Is there anything Indian policy makers can learn from this? Here the Modi government needs to play the vital role in creating the enabling environment in which they can thrive and create value for themselves and millions of others. Therefore, recognize and promote merit irrespective of class, caste and creed. Assist everyone to achieve their full potential. Abolish reservations in any form in time bound manner. Only then India will produce more, Nadellas, Pitchais, and perhaps Nobel laureates.

Dasrath Manjhi’s story, on the other hands, is of a man who did not just think. He decided, if those in power would not help his people, he would, so his people could avail basic services in time. Now that he has gone, his people are still poor. There are electricity poles, but no electricity; a tube well, but no water; no real hospital, no real livelihoods, little education. After all these 68 years of Independence, their fate has been sealed by another mountain: poverty, the inability to pay for a doctor, for getting the necessary treatment on time and even education for their children.

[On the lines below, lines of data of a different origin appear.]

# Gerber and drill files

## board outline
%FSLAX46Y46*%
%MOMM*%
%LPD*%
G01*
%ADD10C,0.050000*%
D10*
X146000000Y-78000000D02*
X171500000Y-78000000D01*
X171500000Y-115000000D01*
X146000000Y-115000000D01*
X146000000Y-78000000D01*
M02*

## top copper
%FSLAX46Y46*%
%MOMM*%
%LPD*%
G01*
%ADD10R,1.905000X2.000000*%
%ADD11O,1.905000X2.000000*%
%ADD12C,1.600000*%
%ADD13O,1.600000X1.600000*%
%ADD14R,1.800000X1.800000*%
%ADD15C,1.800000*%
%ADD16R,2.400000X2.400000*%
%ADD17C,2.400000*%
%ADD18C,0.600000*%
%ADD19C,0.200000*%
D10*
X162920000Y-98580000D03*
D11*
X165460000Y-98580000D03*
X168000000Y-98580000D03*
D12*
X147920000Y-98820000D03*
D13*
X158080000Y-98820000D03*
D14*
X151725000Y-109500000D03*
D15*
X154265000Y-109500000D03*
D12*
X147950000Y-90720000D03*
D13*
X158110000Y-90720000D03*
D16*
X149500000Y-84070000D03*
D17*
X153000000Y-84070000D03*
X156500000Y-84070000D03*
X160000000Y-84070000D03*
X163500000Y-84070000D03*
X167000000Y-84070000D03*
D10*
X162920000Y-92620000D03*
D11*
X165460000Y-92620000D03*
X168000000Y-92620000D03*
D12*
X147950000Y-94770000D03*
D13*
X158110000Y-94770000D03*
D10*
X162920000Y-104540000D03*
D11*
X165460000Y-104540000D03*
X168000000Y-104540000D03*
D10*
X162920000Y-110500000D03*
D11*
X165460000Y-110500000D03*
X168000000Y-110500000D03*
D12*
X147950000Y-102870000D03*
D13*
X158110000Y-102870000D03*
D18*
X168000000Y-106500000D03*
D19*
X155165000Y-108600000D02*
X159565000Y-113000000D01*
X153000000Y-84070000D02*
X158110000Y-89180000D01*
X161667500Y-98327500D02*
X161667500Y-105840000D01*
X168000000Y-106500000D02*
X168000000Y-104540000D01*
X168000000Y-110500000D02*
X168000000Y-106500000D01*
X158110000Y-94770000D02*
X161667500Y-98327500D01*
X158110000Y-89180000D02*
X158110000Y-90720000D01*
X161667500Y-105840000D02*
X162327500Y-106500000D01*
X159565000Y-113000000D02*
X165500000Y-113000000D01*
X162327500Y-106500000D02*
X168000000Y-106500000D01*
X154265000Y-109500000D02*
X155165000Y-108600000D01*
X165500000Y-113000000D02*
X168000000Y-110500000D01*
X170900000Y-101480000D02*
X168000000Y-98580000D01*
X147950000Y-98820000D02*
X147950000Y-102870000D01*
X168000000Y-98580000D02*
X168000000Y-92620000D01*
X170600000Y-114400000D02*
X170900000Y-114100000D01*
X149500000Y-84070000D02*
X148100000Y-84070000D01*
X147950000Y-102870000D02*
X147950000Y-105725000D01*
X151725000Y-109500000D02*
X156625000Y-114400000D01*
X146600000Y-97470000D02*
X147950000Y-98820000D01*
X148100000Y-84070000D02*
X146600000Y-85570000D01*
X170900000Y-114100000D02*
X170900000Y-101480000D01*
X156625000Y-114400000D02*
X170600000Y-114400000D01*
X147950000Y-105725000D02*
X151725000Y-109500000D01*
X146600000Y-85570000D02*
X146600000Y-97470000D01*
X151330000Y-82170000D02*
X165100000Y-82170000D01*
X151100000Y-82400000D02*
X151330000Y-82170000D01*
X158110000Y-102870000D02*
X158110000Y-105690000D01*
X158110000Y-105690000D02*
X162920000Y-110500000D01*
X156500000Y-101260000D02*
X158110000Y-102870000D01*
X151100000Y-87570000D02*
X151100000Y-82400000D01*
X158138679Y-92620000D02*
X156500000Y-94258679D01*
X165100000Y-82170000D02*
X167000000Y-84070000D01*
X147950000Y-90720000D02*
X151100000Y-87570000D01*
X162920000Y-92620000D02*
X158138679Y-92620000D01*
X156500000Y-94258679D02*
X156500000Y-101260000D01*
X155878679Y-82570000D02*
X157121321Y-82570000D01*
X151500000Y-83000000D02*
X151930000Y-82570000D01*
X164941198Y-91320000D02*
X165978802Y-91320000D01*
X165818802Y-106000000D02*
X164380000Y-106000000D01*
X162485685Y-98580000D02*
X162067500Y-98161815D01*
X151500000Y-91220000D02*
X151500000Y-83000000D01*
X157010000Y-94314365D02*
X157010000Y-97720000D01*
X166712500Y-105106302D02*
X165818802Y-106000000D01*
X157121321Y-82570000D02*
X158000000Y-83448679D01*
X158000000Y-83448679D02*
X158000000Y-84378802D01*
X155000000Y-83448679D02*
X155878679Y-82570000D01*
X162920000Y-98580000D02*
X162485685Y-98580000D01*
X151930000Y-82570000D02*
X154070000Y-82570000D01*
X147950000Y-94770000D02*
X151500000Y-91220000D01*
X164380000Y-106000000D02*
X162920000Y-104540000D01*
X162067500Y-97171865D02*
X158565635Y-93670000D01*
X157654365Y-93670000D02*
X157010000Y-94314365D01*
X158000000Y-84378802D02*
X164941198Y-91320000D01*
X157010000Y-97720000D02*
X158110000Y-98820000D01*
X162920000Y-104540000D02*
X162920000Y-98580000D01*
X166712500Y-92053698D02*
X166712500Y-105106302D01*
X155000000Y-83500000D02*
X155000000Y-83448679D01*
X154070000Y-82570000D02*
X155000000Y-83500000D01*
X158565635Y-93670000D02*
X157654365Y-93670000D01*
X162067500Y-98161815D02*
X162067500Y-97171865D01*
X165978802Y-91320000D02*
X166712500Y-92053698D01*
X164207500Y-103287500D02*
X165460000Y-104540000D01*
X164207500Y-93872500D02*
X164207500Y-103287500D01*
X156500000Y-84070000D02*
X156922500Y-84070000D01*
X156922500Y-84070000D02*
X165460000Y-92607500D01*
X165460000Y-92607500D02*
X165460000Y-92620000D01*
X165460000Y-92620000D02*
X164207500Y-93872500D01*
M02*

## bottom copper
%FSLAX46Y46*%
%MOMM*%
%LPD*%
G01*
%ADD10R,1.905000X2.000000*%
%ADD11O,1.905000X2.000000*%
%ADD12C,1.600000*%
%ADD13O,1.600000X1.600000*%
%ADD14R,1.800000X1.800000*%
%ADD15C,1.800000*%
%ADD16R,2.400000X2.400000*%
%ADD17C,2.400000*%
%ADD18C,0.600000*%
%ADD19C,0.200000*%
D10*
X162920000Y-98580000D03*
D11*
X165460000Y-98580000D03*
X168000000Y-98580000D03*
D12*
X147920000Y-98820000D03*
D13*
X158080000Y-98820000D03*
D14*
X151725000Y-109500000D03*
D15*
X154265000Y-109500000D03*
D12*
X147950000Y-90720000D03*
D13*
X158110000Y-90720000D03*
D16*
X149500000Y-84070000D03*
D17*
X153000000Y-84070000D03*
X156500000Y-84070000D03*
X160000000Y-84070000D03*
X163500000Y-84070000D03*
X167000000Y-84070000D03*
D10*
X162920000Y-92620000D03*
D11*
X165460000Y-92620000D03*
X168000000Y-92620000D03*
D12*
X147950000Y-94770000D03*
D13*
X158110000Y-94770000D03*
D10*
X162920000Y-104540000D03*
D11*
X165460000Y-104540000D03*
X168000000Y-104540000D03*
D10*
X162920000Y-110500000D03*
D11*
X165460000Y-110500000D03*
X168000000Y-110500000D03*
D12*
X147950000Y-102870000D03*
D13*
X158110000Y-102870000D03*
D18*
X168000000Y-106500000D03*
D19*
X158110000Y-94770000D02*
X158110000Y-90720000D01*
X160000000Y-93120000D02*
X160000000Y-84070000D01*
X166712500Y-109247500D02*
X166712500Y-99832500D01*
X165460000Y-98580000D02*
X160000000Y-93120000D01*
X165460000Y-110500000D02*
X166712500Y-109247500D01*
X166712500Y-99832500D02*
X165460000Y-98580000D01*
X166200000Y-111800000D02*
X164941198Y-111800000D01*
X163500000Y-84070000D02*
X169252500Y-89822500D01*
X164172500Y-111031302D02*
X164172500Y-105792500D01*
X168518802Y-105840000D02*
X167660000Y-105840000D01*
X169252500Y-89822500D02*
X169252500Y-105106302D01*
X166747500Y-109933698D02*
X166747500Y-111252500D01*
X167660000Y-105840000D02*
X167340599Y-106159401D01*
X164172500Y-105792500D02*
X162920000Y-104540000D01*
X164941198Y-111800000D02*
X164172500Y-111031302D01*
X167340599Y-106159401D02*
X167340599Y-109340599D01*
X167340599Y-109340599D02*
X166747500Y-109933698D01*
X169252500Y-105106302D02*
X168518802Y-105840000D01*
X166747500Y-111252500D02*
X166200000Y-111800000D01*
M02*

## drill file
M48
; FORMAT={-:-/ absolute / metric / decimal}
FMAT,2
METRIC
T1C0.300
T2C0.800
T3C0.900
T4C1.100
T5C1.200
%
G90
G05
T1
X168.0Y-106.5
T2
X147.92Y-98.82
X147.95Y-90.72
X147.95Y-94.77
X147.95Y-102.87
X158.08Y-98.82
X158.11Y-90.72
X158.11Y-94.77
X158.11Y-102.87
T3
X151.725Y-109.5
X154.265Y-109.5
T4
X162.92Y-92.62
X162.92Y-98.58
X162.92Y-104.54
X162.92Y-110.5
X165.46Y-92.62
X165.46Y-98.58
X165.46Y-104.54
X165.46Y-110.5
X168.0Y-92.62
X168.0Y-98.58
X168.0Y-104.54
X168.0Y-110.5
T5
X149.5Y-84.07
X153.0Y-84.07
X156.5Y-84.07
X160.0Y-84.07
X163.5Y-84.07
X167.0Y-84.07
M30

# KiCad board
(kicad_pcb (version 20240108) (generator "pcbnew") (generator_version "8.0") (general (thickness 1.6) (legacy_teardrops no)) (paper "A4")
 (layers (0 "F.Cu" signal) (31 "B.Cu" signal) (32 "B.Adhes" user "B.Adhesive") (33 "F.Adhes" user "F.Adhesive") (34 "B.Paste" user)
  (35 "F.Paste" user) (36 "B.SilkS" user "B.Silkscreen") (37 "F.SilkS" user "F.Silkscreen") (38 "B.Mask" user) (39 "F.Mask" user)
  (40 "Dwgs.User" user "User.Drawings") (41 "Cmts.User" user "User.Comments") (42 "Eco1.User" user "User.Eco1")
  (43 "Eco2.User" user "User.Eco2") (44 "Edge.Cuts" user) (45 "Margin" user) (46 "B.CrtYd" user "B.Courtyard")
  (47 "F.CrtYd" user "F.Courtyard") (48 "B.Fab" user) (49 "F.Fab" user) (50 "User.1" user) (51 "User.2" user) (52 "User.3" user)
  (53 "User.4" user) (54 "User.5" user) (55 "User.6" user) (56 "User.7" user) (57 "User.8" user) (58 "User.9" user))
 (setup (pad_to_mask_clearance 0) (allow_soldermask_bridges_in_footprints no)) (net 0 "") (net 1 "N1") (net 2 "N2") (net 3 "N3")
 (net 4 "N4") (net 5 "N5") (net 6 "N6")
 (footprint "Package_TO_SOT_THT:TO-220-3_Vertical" (layer "F.Cu") (at 162.92 98.58)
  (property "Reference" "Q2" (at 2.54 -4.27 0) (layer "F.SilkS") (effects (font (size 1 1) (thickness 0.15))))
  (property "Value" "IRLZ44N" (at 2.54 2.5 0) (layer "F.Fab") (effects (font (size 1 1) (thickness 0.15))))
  (pad "1" thru_hole rect (at 0 0) (size 1.905 2) (drill 1.1) (layers "*.Cu" "*.Mask") (remove_unused_layers no) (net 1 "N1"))
  (pad "2" thru_hole oval (at 2.54 0) (size 1.905 2) (drill 1.1) (layers "*.Cu" "*.Mask") (remove_unused_layers no) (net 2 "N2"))
  (pad "3" thru_hole oval (at 5.08 0) (size 1.905 2) (drill 1.1) (layers "*.Cu" "*.Mask") (remove_unused_layers no) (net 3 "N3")))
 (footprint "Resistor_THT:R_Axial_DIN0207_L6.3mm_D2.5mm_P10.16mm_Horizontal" (layer "F.Cu") (at 147.92 98.82)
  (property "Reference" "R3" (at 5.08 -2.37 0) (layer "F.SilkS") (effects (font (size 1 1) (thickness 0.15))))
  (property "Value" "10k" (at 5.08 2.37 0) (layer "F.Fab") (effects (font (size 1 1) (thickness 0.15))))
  (pad "1" thru_hole circle (at 0 0) (size 1.6 1.6) (drill 0.8) (layers "*.Cu" "*.Mask") (remove_unused_layers no) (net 3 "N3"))
  (pad "2" thru_hole oval (at 10.16 0) (size 1.6 1.6) (drill 0.8) (layers "*.Cu" "*.Mask") (remove_unused_layers no) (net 1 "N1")))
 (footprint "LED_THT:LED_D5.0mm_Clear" (layer "F.Cu") (at 151.725 109.5)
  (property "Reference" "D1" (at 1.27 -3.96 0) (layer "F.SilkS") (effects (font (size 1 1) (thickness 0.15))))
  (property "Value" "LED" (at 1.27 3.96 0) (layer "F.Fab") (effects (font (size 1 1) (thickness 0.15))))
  (pad "1" thru_hole rect (at 0 0) (size 1.8 1.8) (drill 0.9) (layers "*.Cu" "*.Mask") (remove_unused_layers no) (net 3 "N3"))
  (pad "2" thru_hole circle (at 2.54 0) (size 1.8 1.8) (drill 0.9) (layers "*.Cu" "*.Mask") (remove_unused_layers no) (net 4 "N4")))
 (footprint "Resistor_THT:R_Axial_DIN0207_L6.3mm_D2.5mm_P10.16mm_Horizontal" (layer "F.Cu") (at 147.95 90.72)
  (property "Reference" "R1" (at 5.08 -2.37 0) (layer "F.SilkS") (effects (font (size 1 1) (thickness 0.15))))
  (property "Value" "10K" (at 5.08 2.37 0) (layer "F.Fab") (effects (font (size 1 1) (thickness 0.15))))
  (pad "1" thru_hole circle (at 0 0) (size 1.6 1.6) (drill 0.8) (layers "*.Cu" "*.Mask") (remove_unused_layers no) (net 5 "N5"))
  (pad "2" thru_hole oval (at 10.16 0) (size 1.6 1.6) (drill 0.8) (layers "*.Cu" "*.Mask") (remove_unused_layers no) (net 4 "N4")))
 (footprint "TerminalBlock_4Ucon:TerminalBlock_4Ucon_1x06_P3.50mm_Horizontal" (layer "F.Cu") (at 149.5 84.07)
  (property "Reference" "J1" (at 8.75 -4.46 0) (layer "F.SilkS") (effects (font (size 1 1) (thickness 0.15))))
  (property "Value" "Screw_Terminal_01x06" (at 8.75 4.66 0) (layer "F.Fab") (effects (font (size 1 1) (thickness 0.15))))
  (pad "1" thru_hole rect (at 0 0) (size 2.4 2.4) (drill 1.2) (layers "*.Cu" "*.Mask") (remove_unused_layers no) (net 3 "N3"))
  (pad "2" thru_hole circle (at 3.5 0) (size 2.4 2.4) (drill 1.2) (layers "*.Cu" "*.Mask") (remove_unused_layers no) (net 4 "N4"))
  (pad "3" thru_hole circle (at 7 0) (size 2.4 2.4) (drill 1.2) (layers "*.Cu" "*.Mask") (remove_unused_layers no) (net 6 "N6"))
  (pad "4" thru_hole circle (at 10.5 0) (size 2.4 2.4) (drill 1.2) (layers "*.Cu" "*.Mask") (remove_unused_layers no) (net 2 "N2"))
  (pad "5" thru_hole circle (at 14 0) (size 2.4 2.4) (drill 1.2) (layers "*.Cu" "*.Mask") (remove_unused_layers no) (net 1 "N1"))
  (pad "6" thru_hole circle (at 17.5 0) (size 2.4 2.4) (drill 1.2) (layers "*.Cu" "*.Mask") (remove_unused_layers no) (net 5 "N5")))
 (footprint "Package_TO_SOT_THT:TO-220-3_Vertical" (layer "F.Cu") (at 162.92 92.62)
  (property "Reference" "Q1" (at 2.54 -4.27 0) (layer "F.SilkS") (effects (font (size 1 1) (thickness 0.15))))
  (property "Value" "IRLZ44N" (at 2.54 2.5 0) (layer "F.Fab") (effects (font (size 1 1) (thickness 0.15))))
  (pad "1" thru_hole rect (at 0 0) (size 1.905 2) (drill 1.1) (layers "*.Cu" "*.Mask") (remove_unused_layers no) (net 5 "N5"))
  (pad "2" thru_hole oval (at 2.54 0) (size 1.905 2) (drill 1.1) (layers "*.Cu" "*.Mask") (remove_unused_layers no) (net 6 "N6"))
  (pad "3" thru_hole oval (at 5.08 0) (size 1.905 2) (drill 1.1) (layers "*.Cu" "*.Mask") (remove_unused_layers no) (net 3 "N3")))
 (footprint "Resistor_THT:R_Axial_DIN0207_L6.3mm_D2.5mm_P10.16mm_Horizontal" (layer "F.Cu") (at 147.95 94.77)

Here, the system does not help to those who wants to help themselves but in many cases creates obstacles.  Successive governments have promised much on improving the quality of life, but sadly delivered at best a fraction of the promise

In sum, the 69th Independence Day is a good time to pause, extend our circle of concern beyond day-to-day events, and reflect upon our nation`s journey over the past 68 years as a free nation. It appears that the country still remains in chains. We could not promote the enabling environment to make daily life seamless and enjoyable. In India we unendingly, and usually inconclusively, debate the big things – the macro economy, currency reserves, manufacturing and services, the roll out of huge social welfare programmes, secularism, socialism, planning, and the right to virtually everything, as argued by the Kanti Bajpai, an Indian academic-analyst and the former headmaster of The Doon School.[2]    But what is absent is a sense of self-confidence and clarity over the direction we are supposed to be headed. We rarely talk about and deliver the small things that quickly make a difference.

 

Here India can learn from countries like China, Singapore, Thailand and Indonesia. During their initial stage of development, they focused in making life better by delivering smaller, more municipal things like primary education, primary health including reproductive health to stabilize population and sanitation. As such, we need to reassess at the national level policies which have thus far failed to meet the demand of a rising India. Here one would like to read my recent posts: First Anniversary of the Modi Government: Must meet the expectations of voters (Part B) at http://kotharionindia.blogspot.in/2015/06/first-anniversary-of-modi-government.html; Growth with structural transformation: A development agenda for India at http://kotharionindia.blogspot.in/2015/01/growth-with-structural-transformation.html; and India: Why population matters? at http://kotharionindia.blogspot.in/2015/04/india-why-population-matters.html.   



[1] For details, see editorial at: http://blogs.timesofindia.indiatimes.com/toi-editorials/pitch-for-pichais-beyond-a-home-grown-google-ceo-dreaming-of-a-home-grown-google/ [2] Refer article, at http://blogs.timesofindia.indiatimes.com/toi-edit-page/neat-and-nimble/

1 comment:

  1. Given the crisis in the Chinese economy, perhaps we will see fewer Chinese students returning home to seek their fortunes. The next few years might be chaotic in China as they seek a transition to a market economy. In this respect, I'd imagine India has at least gone farther down the road from a command/socialist economy to a free market one. In either case, maybe a fifth of the population sees a rapid improvement in their wealth, but a billion only a small one. But who am I, as an American, to talk about inequality in China or India, when inequality is increasing rapidly here.